◆ PROVIDED DATA

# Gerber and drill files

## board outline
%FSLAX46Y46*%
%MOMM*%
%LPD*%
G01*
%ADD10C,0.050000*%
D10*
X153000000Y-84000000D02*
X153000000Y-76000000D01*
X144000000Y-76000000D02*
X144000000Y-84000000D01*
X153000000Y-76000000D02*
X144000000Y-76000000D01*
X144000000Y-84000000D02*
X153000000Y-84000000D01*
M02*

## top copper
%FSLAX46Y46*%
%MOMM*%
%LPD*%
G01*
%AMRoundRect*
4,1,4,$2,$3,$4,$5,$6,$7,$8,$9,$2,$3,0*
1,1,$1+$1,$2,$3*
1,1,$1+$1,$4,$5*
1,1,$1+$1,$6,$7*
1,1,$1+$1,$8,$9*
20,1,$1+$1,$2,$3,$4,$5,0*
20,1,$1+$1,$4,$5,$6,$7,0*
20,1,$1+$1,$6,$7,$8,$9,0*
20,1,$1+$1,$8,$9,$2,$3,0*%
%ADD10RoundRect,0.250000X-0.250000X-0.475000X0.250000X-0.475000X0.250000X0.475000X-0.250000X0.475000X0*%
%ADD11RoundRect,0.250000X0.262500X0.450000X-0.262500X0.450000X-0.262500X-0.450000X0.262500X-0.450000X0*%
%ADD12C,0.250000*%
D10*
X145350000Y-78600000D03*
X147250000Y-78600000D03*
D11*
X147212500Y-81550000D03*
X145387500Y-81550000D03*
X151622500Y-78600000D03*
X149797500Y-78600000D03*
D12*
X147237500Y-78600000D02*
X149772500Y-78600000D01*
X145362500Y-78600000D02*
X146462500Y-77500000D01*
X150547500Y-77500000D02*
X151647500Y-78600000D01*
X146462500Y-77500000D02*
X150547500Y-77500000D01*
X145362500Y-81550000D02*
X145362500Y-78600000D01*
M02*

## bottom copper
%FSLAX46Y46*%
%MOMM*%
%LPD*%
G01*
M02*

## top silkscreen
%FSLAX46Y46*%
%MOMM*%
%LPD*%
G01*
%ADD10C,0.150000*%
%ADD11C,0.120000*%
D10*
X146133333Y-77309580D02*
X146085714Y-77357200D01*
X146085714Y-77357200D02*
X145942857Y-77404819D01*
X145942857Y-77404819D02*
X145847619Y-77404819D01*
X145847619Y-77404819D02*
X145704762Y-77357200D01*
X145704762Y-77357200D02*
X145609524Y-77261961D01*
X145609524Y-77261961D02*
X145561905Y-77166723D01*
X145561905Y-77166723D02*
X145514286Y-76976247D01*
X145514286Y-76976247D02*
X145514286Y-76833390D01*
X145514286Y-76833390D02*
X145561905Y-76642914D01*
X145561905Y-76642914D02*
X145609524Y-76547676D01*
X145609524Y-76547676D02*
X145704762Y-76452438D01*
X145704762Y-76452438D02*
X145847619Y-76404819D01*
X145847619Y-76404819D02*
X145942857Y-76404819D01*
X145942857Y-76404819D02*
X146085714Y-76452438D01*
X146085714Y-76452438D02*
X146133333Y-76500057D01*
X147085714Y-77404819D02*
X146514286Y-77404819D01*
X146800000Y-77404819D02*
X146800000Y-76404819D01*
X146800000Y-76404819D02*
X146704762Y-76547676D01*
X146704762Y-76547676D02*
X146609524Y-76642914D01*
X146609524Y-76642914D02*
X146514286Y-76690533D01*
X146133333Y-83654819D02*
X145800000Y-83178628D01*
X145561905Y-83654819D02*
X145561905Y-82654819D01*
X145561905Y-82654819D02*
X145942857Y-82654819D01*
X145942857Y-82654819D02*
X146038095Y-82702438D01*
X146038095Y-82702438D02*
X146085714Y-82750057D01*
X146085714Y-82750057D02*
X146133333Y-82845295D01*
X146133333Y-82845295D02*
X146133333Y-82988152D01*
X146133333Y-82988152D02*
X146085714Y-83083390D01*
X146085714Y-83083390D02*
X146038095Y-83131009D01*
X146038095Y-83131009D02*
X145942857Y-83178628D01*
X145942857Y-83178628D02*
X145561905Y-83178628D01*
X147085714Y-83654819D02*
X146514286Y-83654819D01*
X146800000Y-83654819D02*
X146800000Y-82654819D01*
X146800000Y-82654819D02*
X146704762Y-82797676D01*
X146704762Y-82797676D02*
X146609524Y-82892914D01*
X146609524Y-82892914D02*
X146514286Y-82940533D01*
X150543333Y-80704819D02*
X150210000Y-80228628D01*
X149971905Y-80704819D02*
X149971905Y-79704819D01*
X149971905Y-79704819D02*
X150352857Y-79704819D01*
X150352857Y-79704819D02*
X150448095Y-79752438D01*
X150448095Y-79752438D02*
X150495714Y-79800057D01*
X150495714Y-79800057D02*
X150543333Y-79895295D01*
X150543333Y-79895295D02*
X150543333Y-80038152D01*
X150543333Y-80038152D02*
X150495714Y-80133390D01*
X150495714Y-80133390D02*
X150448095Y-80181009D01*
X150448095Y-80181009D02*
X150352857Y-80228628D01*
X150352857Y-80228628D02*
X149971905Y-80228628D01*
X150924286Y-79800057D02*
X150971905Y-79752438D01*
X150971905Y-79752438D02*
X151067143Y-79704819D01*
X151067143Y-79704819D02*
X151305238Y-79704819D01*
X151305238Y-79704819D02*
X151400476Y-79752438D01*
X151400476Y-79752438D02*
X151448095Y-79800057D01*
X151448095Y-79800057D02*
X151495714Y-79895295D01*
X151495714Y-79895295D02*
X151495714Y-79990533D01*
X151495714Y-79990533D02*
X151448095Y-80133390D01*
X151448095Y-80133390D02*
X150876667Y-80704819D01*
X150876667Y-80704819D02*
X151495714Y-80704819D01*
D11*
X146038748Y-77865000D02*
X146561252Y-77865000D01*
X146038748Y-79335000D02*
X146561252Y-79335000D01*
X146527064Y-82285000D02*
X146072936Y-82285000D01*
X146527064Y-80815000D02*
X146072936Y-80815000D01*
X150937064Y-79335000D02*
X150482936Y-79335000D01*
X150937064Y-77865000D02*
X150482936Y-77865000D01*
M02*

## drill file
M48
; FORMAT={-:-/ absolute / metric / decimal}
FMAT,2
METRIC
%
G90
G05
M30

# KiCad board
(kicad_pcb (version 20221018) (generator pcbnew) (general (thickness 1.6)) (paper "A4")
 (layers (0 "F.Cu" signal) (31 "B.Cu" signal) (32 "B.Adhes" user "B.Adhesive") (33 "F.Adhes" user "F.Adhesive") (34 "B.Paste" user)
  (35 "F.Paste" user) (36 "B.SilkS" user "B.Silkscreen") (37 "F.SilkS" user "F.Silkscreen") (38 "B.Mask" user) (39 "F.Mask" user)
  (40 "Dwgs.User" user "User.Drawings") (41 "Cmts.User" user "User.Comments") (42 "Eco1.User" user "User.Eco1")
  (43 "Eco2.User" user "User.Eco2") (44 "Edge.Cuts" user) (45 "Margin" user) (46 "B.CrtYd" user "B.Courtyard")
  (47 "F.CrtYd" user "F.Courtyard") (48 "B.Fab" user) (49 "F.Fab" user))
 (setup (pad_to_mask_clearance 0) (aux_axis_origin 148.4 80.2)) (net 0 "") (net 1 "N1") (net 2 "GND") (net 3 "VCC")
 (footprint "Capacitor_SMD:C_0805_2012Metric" (layer "F.Cu") (at 146.3 78.6)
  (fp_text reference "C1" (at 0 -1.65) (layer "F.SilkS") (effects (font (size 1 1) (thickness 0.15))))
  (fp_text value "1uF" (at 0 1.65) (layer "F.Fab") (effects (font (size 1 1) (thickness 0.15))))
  (fp_line (start -0.261252 -0.735) (end 0.261252 -0.735) (stroke (width 0.12) (type solid)) (layer "F.SilkS"))
  (fp_line (start -0.261252 0.735) (end 0.261252 0.735) (stroke (width 0.12) (type solid)) (layer "F.SilkS"))
  (pad "1" smd roundrect (at -0.95 0) (size 1 1.45) (layers "F.Cu" "F.Paste" "F.Mask") (roundrect_rratio 0.25) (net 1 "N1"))
  (pad "2" smd roundrect (at 0.95 0) (size 1 1.45) (layers "F.Cu" "F.Paste" "F.Mask") (roundrect_rratio 0.25) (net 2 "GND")))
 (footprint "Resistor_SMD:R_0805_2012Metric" (layer "F.Cu") (at 146.3 81.55 180)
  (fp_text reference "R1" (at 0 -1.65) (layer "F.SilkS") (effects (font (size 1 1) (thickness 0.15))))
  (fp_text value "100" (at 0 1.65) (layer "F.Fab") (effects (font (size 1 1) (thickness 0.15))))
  (fp_line (start -0.227064 -0.735) (end 0.227064 -0.735) (stroke (width 0.12) (type solid)) (layer "F.SilkS"))
  (fp_line (start -0.227064 0.735) (end 0.227064 0.735) (stroke (width 0.12) (type solid)) (layer "F.SilkS"))
  (pad "1" smd roundrect (at -0.9125 0 180) (size 1.025 1.4) (layers "F.Cu" "F.Paste" "F.Mask") (roundrect_rratio 0.243902) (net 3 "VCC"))
  (pad "2" smd roundrect (at 0.9125 0 180) (size 1.025 1.4) (layers "F.Cu" "F.Paste" "F.Mask") (roundrect_rratio 0.243902) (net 1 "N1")))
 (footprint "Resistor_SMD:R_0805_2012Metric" (layer "F.Cu") (at 150.71 78.6 180)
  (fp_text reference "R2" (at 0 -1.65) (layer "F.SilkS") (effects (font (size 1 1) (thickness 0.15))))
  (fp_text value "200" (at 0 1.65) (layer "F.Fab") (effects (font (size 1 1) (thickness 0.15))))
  (fp_line (start -0.227064 -0.735) (end 0.227064 -0.735) (stroke (width 0.12) (type solid)) (layer "F.SilkS"))
  (fp_line (start -0.227064 0.735) (end 0.227064 0.735) (stroke (width 0.12) (type solid)) (layer "F.SilkS"))
  (pad "1" smd roundrect (at -0.9125 0 180) (size 1.025 1.4) (layers "F.Cu" "F.Paste" "F.Mask") (roundrect_rratio 0.243902) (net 1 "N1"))
  (pad "2" smd roundrect (at 0.9125 0 180) (size 1.025 1.4) (layers "F.Cu" "F.Paste" "F.Mask") (roundrect_rratio 0.243902) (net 2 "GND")))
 (gr_line (start 153 84) (end 153 76) (stroke (width 0.05) (type solid)) (layer "Edge.Cuts"))
 (gr_line (start 144 76) (end 144 84) (stroke (width 0.05) (type solid)) (layer "Edge.Cuts"))
 (gr_line (start 153 76) (end 144 76) (stroke (width 0.05) (type solid)) (layer "Edge.Cuts"))
 (gr_line (start 144 84) (end 153 84) (stroke (width 0.05) (type solid)) (layer "Edge.Cuts"))
 (segment (start 147.2375 78.6) (end 149.7725 78.6) (width 0.25) (layer "F.Cu") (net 2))
 (segment (start 145.3625 78.6) (end 146.4625 77.5) (width 0.25) (layer "F.Cu") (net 1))
 (segment (start 150.5475 77.5) (end 151.6475 78.6) (width 0.25) (layer "F.Cu") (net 1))
 (segment (start 146.4625 77.5) (end 150.5475 77.5) (width 0.25) (layer "F.Cu") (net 1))
 (segment (start 145.3625 81.55) (end 145.3625 78.6) (width 0.25) (layer "F.Cu") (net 1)))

◆ WHAT YOU NEED TO DO
Only lines that include "Courtyard" belong in the answer; return them from the entries above.

◆ REPLY
  (43 "Eco2.User" user "User.Eco2") (44 "Edge.Cuts" user) (45 "Margin" user) (46 "B.CrtYd" user "B.Courtyard")
  (47 "F.CrtYd" user "F.Courtyard") (48 "B.Fab" user) (49 "F.Fab" user))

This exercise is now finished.